### Supplied information

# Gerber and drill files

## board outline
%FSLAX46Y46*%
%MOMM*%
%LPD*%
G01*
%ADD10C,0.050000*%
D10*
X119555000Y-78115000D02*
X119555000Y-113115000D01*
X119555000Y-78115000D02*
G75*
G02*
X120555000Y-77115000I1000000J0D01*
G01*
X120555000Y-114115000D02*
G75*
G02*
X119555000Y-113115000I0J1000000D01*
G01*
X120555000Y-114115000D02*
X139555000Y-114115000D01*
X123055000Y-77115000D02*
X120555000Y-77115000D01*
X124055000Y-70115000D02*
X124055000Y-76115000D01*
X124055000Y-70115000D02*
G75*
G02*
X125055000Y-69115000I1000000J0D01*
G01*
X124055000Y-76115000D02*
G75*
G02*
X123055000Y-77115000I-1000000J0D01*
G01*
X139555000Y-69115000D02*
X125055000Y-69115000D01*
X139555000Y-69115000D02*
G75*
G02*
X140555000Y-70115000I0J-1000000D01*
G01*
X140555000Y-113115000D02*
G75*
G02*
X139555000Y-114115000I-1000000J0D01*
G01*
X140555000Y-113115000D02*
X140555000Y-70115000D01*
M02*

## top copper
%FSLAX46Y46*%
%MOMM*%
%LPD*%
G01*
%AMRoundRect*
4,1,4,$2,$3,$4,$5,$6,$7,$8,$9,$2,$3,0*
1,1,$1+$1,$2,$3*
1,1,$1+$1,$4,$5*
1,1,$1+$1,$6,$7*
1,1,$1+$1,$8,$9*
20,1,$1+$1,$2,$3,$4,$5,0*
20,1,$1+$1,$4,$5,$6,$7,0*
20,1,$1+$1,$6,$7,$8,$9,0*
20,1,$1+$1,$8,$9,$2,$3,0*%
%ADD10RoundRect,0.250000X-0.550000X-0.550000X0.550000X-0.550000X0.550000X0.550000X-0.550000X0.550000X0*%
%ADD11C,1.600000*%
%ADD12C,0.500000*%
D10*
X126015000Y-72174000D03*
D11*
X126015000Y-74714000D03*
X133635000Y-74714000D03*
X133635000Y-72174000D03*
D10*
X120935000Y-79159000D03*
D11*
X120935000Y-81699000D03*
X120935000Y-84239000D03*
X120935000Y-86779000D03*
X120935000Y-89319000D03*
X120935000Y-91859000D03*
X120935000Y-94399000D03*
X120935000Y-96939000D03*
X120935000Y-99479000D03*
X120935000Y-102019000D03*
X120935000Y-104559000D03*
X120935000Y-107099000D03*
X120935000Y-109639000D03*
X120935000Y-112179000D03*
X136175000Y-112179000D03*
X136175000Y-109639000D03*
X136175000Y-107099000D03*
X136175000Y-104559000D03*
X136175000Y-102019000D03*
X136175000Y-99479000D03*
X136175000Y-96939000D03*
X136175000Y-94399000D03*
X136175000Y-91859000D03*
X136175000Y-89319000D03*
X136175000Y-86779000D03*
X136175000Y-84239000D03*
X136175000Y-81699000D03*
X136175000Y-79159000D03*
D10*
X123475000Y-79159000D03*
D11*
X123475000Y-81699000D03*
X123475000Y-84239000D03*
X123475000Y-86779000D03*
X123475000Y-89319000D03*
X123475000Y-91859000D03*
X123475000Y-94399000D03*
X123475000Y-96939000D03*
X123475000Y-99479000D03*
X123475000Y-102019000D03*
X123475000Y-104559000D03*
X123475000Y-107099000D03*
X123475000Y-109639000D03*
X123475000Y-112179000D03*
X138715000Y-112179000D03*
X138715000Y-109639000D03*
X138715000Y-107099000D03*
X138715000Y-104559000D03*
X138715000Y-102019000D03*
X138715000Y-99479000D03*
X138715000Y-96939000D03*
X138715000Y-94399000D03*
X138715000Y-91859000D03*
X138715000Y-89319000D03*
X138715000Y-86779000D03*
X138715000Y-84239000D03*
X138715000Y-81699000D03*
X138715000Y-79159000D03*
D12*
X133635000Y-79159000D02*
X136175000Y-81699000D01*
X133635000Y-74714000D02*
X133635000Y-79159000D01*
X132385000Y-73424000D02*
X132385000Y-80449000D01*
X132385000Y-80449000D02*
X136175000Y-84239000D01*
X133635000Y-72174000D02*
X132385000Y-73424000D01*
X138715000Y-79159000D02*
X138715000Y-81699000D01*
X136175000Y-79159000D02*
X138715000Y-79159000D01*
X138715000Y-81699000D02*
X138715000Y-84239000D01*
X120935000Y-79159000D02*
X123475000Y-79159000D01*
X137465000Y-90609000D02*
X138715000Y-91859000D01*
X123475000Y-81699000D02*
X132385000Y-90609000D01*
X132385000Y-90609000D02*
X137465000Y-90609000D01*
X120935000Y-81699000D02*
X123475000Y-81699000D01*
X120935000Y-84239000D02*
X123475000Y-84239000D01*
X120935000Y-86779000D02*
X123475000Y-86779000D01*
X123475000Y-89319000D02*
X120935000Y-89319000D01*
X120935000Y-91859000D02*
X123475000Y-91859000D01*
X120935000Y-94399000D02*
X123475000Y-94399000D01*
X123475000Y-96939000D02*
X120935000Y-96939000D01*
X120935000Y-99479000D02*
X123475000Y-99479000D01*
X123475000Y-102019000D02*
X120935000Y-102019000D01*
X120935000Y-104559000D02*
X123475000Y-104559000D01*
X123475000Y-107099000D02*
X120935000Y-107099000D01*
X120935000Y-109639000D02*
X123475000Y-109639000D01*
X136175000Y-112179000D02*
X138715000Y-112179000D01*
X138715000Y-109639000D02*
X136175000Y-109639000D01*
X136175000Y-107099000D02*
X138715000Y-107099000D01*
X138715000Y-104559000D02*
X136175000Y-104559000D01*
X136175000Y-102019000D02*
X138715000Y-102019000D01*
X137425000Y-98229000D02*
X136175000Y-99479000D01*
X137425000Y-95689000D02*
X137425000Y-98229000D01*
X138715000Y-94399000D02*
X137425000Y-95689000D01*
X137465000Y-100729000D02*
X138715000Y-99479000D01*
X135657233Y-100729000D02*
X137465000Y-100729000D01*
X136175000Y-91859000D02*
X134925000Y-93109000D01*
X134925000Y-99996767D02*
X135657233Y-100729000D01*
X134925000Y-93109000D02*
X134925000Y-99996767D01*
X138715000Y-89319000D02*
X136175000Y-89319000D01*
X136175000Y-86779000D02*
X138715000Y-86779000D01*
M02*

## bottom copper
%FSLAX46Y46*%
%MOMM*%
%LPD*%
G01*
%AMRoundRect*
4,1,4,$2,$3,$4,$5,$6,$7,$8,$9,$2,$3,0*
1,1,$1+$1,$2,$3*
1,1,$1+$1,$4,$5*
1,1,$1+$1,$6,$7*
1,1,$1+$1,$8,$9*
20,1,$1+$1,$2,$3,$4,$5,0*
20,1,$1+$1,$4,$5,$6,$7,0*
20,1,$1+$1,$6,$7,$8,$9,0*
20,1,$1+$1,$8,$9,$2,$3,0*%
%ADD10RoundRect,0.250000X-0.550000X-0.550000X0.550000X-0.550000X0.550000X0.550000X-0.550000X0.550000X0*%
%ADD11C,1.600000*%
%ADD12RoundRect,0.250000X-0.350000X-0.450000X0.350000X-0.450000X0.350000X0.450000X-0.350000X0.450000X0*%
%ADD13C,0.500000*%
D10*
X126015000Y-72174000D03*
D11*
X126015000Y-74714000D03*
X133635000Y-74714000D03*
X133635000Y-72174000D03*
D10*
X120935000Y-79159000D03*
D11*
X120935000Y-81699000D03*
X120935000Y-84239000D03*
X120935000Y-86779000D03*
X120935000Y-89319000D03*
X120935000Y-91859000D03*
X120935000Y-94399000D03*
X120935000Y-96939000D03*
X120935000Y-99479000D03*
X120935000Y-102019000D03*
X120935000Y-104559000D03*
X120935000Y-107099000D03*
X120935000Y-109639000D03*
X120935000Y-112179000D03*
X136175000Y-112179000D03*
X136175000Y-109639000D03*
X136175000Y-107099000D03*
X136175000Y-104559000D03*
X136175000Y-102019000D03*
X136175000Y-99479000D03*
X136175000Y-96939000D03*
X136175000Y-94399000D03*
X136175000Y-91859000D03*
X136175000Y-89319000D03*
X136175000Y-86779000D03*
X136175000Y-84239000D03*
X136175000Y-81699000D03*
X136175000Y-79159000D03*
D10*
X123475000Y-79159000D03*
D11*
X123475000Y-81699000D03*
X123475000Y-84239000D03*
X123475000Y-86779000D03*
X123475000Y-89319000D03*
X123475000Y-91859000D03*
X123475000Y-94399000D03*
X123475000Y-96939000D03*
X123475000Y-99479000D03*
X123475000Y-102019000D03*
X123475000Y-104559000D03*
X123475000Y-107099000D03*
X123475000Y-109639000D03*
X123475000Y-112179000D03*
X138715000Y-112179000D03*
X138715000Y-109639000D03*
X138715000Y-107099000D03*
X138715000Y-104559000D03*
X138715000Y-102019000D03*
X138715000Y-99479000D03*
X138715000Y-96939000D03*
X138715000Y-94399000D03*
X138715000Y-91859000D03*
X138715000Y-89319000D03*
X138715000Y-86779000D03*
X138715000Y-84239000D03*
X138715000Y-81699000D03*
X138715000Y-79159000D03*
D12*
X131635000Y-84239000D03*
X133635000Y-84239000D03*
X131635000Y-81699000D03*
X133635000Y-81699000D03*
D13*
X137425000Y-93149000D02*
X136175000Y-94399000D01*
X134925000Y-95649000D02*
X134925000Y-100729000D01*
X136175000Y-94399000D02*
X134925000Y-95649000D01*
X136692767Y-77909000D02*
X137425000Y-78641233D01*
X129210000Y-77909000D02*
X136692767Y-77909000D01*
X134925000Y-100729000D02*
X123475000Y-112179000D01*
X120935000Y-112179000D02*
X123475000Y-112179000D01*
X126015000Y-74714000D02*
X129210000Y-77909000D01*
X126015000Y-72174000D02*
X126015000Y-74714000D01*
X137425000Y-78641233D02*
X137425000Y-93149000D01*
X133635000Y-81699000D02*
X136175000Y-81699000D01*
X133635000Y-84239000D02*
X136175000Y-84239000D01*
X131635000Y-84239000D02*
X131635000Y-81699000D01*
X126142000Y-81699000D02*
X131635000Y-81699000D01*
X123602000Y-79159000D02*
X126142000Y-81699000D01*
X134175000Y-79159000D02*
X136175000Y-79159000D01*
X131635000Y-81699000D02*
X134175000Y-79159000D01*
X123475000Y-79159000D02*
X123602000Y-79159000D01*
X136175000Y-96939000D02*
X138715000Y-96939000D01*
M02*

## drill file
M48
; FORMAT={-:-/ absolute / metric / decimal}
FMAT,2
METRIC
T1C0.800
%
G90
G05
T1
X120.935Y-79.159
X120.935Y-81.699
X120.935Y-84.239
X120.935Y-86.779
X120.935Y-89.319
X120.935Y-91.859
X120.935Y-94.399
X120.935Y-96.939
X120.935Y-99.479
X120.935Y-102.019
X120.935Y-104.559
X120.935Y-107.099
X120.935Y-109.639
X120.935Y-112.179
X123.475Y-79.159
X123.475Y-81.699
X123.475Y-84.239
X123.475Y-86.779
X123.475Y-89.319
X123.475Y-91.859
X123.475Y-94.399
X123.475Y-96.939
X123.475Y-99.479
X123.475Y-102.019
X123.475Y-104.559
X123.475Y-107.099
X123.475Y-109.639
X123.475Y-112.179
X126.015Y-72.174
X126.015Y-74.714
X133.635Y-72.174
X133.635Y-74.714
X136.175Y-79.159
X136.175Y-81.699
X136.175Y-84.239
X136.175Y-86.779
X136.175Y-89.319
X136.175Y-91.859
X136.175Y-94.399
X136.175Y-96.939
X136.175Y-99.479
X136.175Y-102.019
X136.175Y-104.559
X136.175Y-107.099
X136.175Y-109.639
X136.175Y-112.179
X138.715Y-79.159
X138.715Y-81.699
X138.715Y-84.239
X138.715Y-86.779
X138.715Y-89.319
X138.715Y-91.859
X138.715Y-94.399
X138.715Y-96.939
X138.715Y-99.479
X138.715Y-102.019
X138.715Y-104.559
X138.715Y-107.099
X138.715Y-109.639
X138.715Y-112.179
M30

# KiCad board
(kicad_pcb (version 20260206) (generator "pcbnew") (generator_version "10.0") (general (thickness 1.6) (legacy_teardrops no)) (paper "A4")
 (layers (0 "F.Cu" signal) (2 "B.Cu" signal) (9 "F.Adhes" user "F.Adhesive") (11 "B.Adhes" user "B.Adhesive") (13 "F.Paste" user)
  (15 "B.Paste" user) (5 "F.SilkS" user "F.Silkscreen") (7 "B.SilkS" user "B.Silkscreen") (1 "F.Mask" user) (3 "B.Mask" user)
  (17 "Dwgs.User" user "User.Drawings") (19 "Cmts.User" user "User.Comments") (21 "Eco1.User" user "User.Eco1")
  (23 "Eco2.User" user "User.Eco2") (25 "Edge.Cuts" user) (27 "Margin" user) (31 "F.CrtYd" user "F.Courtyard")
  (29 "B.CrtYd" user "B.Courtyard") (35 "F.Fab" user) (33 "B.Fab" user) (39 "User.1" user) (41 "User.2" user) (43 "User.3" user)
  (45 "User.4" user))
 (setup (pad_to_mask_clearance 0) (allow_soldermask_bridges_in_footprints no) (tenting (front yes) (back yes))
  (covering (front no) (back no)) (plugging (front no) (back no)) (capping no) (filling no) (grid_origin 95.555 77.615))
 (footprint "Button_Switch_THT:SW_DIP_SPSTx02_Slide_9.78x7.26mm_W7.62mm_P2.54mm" (layer "F.Cu") (at 126.015 72.174)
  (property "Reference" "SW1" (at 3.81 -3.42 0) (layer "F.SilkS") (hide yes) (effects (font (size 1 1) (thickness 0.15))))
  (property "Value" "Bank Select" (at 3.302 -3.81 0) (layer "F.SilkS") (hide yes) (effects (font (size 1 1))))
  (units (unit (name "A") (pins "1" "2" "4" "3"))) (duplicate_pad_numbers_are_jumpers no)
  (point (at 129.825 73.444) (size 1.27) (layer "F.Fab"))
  (pad "1" thru_hole roundrect (at 0 0) (size 1.6 1.6) (drill 0.8) (layers "*.Cu" "*.Mask") (remove_unused_layers no)
   (roundrect_rratio 0.15625) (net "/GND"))
  (pad "2" thru_hole circle (at 0 2.54) (size 1.6 1.6) (drill 0.8) (layers "*.Cu" "*.Mask") (remove_unused_layers no) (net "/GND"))
  (pad "3" thru_hole circle (at 7.62 2.54) (size 1.6 1.6) (drill 0.8) (layers "*.Cu" "*.Mask") (remove_unused_layers no) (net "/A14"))
  (pad "4" thru_hole circle (at 7.62 0) (size 1.6 1.6) (drill 0.8) (layers "*.Cu" "*.Mask") (remove_unused_layers no) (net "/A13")))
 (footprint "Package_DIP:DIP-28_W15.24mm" (layer "F.Cu") (at 120.935 79.159)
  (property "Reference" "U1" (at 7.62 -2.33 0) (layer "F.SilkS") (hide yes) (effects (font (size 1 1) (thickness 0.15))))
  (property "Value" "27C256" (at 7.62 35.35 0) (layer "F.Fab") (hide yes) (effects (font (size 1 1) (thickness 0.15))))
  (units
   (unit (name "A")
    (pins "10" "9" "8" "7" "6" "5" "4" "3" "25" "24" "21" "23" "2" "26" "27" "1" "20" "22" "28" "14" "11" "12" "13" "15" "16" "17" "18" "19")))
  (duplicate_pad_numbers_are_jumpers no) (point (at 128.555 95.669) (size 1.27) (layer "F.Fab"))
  (pad "1" thru_hole roundrect (at 0 0) (size 1.6 1.6) (drill 0.8) (layers "*.Cu" "*.Mask") (remove_unused_layers no)
   (roundrect_rratio 0.15625) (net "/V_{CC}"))
  (pad "2" thru_hole circle (at 0 2.54) (size 1.6 1.6) (drill 0.8) (layers "*.Cu" "*.Mask") (remove_unused_layers no) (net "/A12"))
  (pad "3" thru_hole circle (at 0 5.08) (size 1.6 1.6) (drill 0.8) (layers "*.Cu" "*.Mask") (remove_unused_layers no) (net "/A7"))
  (pad "4" thru_hole circle (at 0 7.62) (size 1.6 1.6) (drill 0.8) (layers "*.Cu" "*.Mask") (remove_unused_layers no) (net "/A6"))
  (pad "5" thru_hole circle (at 0 10.16) (size 1.6 1.6) (drill 0.8) (layers "*.Cu" "*.Mask") (remove_unused_layers no) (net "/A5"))
  (pad "6" thru_hole circle (at 0 12.7) (size 1.6 1.6) (drill 0.8) (layers "*.Cu" "*.Mask") (remove_unused_layers no) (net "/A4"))
  (pad "7" thru_hole circle (at 0 15.24) (size 1.6 1.6) (drill 0.8) (layers "*.Cu" "*.Mask") (remove_unused_layers no) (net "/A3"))
  (pad "8" thru_hole circle (at 0 17.78) (size 1.6 1.6) (drill 0.8) (layers "*.Cu" "*.Mask") (remove_unused_layers no) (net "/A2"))
  (pad "9" thru_hole circle (at 0 20.32) (size 1.6 1.6) (drill 0.8) (layers "*.Cu" "*.Mask") (remove_unused_layers no) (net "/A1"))
  (pad "10" thru_hole circle (at 0 22.86) (size 1.6 1.6) (drill 0.8) (layers "*.Cu" "*.Mask") (remove_unused_layers no) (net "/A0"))
  (pad "11" thru_hole circle (at 0 25.4) (size 1.6 1.6) (drill 0.8) (layers "*.Cu" "*.Mask") (remove_unused_layers no) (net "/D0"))
  (pad "12" thru_hole circle (at 0 27.94) (size 1.6 1.6) (drill 0.8) (layers "*.Cu" "*.Mask") (remove_unused_layers no) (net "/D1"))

### Your task
Output the number of lines above holding the word "Courtyard", and nothing besides it.

### Result of the task
2